Now define \(f_n : [0, 1]\to [0, 1]^2\) as follows: list out the \(4^n\) squares in lexicographical order, and let \(f_n \left( \frac{i - 1}{4^n - 1} \right)\) be the centre of the \(i\)-th square for any \(i = 1, \ldots, 4^n\). Extend \(f_n\) to \([0, 1]\) as a piecewise linear function — just connect the dots!

Clearly each \(f_n\) is continuous; we need to show that \(\left\lbrace f_n \right\rbrace\) is uniformly Cauchy. Let \(\epsilon > 0\). When \(n\) is sufficiently large, the squares of the \(n\)-th layer and beyond will have diagonals shorter than \(\epsilon \). Let \(n> m\) both be this large.

Let \(x\in [0, 1]\). Let \(i = 1,\ldots, 4^m\) be such that \(\frac{i-1}{4^m-1}\) minimises the distance to \(x\), hence \(f_m(x)\) lies in the \(i\)-th square of the \(m\)-th sublayer. \(f_n(x)\) lies in the a smaller square from the \(n\)-th sublayer, contained in the very same square from the \(m\)-th sublayer. (This can be proven, but please don’t ask me to. I will cry.) Hence \(d\left( f_n(x), f_m(x) \right) < \epsilon\) whenever \(n, m\) are sufficiently large. Since \(x\) was arbitrary, \(\left\lbrace f_n \right\rbrace\) is uniformly Cauchy and admits a continuous limit \(f: [0, 1]\to [0, 1]^2\).

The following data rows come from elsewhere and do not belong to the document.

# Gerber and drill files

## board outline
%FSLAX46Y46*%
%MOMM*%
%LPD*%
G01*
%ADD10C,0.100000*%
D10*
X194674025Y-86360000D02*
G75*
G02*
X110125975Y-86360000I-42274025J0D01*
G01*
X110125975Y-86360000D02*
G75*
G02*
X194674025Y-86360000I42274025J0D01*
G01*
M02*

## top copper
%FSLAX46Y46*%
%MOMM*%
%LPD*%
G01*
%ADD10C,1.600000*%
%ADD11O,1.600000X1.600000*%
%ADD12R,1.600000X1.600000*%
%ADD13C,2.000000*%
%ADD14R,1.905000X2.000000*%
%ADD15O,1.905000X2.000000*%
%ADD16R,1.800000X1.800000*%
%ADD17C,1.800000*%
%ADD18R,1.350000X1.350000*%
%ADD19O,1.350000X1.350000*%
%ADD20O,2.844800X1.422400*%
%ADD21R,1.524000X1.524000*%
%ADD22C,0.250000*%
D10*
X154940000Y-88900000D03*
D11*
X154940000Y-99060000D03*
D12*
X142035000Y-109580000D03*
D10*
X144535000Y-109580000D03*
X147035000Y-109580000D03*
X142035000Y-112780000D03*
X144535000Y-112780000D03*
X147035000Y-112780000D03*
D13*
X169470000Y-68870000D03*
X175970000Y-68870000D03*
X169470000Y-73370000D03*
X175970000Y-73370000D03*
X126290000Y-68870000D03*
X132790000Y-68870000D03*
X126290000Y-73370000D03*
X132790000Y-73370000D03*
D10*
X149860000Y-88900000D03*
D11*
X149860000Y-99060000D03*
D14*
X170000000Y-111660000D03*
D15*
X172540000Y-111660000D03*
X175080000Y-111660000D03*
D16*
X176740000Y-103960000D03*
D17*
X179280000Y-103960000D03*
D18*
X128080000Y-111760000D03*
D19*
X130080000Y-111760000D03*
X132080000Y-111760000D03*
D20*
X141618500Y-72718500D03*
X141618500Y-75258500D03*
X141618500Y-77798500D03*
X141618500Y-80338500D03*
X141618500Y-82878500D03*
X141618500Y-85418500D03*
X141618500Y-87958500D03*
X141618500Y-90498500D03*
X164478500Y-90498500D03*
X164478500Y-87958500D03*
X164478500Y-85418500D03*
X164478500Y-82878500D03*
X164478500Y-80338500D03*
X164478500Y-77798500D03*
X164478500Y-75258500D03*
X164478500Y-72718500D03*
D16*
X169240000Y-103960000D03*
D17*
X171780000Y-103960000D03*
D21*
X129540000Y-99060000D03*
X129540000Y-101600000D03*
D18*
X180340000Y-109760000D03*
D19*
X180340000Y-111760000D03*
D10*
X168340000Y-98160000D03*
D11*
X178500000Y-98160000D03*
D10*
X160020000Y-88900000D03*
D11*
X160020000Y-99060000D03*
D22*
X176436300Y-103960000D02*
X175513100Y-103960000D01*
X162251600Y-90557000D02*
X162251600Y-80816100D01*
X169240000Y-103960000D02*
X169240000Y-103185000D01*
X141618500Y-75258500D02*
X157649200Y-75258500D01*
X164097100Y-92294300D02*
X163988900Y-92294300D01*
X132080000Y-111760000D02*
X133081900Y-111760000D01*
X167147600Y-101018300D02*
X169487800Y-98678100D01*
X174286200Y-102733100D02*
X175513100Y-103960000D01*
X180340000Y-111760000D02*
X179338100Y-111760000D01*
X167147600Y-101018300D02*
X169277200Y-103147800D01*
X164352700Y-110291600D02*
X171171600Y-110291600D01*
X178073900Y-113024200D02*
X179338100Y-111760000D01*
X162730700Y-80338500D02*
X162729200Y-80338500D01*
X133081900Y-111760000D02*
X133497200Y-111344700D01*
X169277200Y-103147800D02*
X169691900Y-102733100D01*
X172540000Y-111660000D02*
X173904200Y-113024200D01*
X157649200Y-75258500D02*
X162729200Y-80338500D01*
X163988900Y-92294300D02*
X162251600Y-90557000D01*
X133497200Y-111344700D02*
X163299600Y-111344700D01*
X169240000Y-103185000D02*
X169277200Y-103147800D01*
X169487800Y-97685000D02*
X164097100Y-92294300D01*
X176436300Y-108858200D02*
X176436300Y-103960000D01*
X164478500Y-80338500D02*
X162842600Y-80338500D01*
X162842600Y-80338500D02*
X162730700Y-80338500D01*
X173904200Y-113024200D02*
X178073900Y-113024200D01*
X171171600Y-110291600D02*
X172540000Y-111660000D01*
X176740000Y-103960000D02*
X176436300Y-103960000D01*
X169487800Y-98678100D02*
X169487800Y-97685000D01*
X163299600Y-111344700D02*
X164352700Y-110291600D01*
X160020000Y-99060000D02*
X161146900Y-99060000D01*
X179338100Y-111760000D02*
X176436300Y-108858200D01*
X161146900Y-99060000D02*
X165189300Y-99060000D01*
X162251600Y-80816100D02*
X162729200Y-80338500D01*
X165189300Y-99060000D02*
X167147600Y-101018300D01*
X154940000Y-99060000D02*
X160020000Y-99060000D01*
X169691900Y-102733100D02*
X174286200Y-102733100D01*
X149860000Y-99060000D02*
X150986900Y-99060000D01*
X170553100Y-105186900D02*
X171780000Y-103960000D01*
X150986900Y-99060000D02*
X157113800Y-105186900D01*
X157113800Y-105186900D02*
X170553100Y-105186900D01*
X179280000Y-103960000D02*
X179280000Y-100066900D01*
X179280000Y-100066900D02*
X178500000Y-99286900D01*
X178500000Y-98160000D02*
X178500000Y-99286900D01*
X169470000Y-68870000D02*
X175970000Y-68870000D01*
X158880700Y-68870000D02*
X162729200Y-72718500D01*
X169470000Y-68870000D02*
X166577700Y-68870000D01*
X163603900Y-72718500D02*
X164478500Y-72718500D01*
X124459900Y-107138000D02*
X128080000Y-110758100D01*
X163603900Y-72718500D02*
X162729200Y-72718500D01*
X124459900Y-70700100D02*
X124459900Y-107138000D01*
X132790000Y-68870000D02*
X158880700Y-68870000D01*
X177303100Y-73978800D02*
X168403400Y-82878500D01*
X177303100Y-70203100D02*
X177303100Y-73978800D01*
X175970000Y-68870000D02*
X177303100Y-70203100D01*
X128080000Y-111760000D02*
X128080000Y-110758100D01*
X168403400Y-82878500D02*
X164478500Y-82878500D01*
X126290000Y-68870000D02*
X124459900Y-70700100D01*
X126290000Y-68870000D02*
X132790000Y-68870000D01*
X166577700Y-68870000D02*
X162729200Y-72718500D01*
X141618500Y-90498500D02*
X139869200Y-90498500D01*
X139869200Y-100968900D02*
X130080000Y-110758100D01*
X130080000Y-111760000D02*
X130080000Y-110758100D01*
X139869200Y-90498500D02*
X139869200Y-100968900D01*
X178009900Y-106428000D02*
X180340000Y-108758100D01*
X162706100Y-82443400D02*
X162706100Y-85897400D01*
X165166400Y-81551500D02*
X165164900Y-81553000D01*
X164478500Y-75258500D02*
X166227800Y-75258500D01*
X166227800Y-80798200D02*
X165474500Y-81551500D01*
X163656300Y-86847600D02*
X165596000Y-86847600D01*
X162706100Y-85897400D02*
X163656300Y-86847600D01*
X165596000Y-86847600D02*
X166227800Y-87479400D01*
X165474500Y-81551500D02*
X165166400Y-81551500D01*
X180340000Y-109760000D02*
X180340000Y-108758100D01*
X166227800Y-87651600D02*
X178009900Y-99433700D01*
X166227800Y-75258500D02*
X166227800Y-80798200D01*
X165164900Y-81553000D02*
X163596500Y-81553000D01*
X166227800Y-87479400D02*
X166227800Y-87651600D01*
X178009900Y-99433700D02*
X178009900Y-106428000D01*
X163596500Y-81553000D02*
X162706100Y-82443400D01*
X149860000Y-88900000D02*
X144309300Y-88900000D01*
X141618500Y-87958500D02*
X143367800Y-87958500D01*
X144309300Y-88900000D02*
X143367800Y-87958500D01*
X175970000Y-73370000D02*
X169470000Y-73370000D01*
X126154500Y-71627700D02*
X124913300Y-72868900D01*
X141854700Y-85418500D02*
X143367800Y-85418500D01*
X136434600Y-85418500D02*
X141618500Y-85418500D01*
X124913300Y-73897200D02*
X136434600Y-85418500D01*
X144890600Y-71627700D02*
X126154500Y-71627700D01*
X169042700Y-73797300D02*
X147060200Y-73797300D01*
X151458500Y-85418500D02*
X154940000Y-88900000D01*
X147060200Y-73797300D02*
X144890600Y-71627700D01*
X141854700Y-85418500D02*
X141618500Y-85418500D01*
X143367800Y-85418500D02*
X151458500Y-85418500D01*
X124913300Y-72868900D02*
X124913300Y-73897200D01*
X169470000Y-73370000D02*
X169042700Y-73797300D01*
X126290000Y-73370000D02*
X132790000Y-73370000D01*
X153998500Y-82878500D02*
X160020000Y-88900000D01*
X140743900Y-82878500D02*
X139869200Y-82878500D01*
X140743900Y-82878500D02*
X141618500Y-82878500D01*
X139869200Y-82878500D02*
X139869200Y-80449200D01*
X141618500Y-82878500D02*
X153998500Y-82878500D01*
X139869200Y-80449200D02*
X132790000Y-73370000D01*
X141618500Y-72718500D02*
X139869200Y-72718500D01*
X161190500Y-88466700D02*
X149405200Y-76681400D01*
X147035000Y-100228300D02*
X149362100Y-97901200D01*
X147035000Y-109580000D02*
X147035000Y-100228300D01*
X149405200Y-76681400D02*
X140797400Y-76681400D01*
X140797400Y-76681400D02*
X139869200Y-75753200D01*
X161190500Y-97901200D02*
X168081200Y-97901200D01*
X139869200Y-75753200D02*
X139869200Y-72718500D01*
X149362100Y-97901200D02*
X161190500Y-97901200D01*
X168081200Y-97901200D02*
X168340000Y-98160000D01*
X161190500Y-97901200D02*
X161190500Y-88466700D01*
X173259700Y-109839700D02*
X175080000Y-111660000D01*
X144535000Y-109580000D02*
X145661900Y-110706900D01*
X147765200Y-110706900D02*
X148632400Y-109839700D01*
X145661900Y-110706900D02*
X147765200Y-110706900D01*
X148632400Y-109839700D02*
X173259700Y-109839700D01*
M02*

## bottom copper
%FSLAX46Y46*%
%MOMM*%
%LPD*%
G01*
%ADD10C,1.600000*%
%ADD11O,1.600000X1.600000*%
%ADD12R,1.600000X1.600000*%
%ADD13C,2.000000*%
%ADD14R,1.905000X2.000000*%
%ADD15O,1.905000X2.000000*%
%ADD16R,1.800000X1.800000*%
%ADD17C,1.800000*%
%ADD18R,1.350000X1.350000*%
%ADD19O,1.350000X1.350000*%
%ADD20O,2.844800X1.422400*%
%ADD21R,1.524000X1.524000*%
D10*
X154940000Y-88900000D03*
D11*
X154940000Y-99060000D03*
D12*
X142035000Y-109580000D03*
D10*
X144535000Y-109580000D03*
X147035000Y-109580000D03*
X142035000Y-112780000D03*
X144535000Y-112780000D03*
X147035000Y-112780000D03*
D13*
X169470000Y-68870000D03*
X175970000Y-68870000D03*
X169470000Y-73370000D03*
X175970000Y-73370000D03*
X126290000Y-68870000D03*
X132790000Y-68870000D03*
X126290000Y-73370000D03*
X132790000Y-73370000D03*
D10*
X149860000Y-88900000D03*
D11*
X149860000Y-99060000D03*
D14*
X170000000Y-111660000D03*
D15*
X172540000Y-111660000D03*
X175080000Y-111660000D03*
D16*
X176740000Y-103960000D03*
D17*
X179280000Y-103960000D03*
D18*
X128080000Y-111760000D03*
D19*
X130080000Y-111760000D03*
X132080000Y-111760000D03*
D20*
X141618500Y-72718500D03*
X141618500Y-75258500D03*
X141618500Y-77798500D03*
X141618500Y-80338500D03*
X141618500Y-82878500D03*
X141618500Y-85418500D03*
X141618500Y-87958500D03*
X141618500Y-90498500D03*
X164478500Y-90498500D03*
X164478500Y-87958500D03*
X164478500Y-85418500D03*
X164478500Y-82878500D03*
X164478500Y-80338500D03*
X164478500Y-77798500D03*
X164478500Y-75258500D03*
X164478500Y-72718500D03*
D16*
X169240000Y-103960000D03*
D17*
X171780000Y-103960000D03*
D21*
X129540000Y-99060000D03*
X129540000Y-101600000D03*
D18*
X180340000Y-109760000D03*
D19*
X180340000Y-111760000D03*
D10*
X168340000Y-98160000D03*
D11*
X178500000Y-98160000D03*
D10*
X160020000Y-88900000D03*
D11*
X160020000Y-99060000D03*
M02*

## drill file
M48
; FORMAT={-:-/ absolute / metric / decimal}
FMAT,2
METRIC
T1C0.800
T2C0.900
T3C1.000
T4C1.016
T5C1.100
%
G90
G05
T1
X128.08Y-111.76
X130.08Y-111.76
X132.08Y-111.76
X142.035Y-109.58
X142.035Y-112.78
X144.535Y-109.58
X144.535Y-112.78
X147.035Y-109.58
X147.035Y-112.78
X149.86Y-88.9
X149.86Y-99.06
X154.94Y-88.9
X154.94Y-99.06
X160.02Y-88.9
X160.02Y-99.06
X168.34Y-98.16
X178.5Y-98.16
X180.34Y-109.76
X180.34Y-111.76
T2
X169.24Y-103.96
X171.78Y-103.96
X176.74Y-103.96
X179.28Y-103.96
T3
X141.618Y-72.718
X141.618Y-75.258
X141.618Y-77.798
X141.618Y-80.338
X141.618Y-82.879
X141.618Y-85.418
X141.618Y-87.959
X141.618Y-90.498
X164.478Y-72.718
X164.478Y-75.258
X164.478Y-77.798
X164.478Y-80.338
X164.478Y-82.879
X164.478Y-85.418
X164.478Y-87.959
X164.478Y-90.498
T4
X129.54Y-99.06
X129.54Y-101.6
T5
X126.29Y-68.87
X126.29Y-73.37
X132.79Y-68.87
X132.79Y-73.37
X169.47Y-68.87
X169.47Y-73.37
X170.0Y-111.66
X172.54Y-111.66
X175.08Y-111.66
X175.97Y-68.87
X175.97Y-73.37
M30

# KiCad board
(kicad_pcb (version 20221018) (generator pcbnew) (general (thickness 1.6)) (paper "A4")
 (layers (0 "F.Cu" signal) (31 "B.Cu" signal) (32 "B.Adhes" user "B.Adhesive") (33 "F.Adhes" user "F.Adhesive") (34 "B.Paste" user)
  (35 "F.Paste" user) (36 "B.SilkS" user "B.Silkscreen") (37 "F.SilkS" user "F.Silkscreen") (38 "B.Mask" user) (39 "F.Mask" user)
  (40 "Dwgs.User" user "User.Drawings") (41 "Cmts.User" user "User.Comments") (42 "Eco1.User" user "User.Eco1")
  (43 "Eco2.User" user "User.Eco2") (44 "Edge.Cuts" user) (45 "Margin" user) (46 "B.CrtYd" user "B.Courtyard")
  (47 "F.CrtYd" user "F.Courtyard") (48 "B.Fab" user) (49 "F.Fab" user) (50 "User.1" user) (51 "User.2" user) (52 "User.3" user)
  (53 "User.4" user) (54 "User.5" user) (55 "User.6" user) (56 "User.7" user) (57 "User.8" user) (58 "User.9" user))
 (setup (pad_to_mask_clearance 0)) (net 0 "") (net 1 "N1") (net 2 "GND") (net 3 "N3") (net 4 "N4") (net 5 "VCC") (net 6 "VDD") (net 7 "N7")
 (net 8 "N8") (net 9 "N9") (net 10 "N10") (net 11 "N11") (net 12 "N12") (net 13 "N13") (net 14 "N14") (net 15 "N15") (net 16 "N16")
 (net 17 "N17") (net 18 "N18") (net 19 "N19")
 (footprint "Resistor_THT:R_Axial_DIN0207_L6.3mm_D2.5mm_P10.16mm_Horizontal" (layer "F.Cu") (at 154.94 88.9 -90)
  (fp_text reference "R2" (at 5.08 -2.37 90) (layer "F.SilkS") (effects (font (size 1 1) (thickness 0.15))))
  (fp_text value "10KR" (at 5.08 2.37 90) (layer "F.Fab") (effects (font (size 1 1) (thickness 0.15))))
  (pad "1" thru_hole circle (at 0 0 270) (size 1.6 1.6) (drill 0.8) (layers "*.Cu" "*.Mask") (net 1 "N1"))
  (pad "2" thru_hole oval (at 10.16 0 270) (size 1.6 1.6) (drill 0.8) (layers "*.Cu" "*.Mask") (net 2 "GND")))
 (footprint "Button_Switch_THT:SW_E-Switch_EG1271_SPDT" (layer "F.Cu") (at 142.035 109.58)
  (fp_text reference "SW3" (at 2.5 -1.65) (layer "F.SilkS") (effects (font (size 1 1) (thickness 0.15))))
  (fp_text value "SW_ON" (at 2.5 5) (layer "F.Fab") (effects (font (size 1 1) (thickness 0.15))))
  (pad "1" thru_hole rect (at 0 0) (size 1.6 1.6) (drill 0.8) (layers "*.Cu" "*.Mask") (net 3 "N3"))
  (pad "2" thru_hole circle (at 2.5 0) (size 1.6 1.6) (drill 0.8) (layers "*.Cu" "*.Mask") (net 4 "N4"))
  (pad "3" thru_hole circle (at 5 0) (size 1.6 1.6) (drill 0.8) (layers "*.Cu" "*.Mask") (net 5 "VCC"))
  (pad "4" thru_hole circle (at 0 3.2) (size 1.6 1.6) (drill 0.8) (layers "*.Cu" "*.Mask"))
  (pad "5" thru_hole circle (at 2.5 3.2) (size 1.6 1.6) (drill 0.8) (layers "*.Cu" "*.Mask"))
  (pad "6" thru_hole circle (at 5 3.2) (size 1.6 1.6) (drill 0.8) (layers "*.Cu" "*.Mask")))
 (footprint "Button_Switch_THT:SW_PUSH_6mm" (layer "F.Cu") (at 169.47 68.87)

Finally, we need to verify that \(f\) is surjective. Let \(y\in [0, 1]^2\). There is a sequence of squares, arising from the sequence of letters \(\left\lbrace l_n \right\rbrace\), \[S \left( l_1 \right) \supseteq S \left( l_1l_2 \right) \supseteq S \left( l_1l_2l_3 \right)\supseteq S \left( l_1l_2l_3l_4 \right)\supseteq\cdots\] such that \(\bigcap _{n\in \mathbb{N}} S \left( l_1l_2\ldots l_n \right) = \left\lbrace y \right\rbrace\). Then, there is at least one point \[x\in \bigcap _{n\in \mathbb{N}} f_n ^{-1} \left( S \left( l_1l_2\ldots l_n \right) \right).\] Then \(f_n(x) \in S \left( l_1l_2\ldots l_n \right)\) for every \(n\) by construction, hence \[f(x) = \lim _{n\to\infty} f_n(x) \in \bigcap _{n\in \mathbb{N}} S \left( l_1l_2l_3\ldots l_n \right) = \left\lbrace y \right\rbrace. \] \(\square\)

I promise this proof is more convincing if you create graphics showing how each layer is organised on the interval and on the square.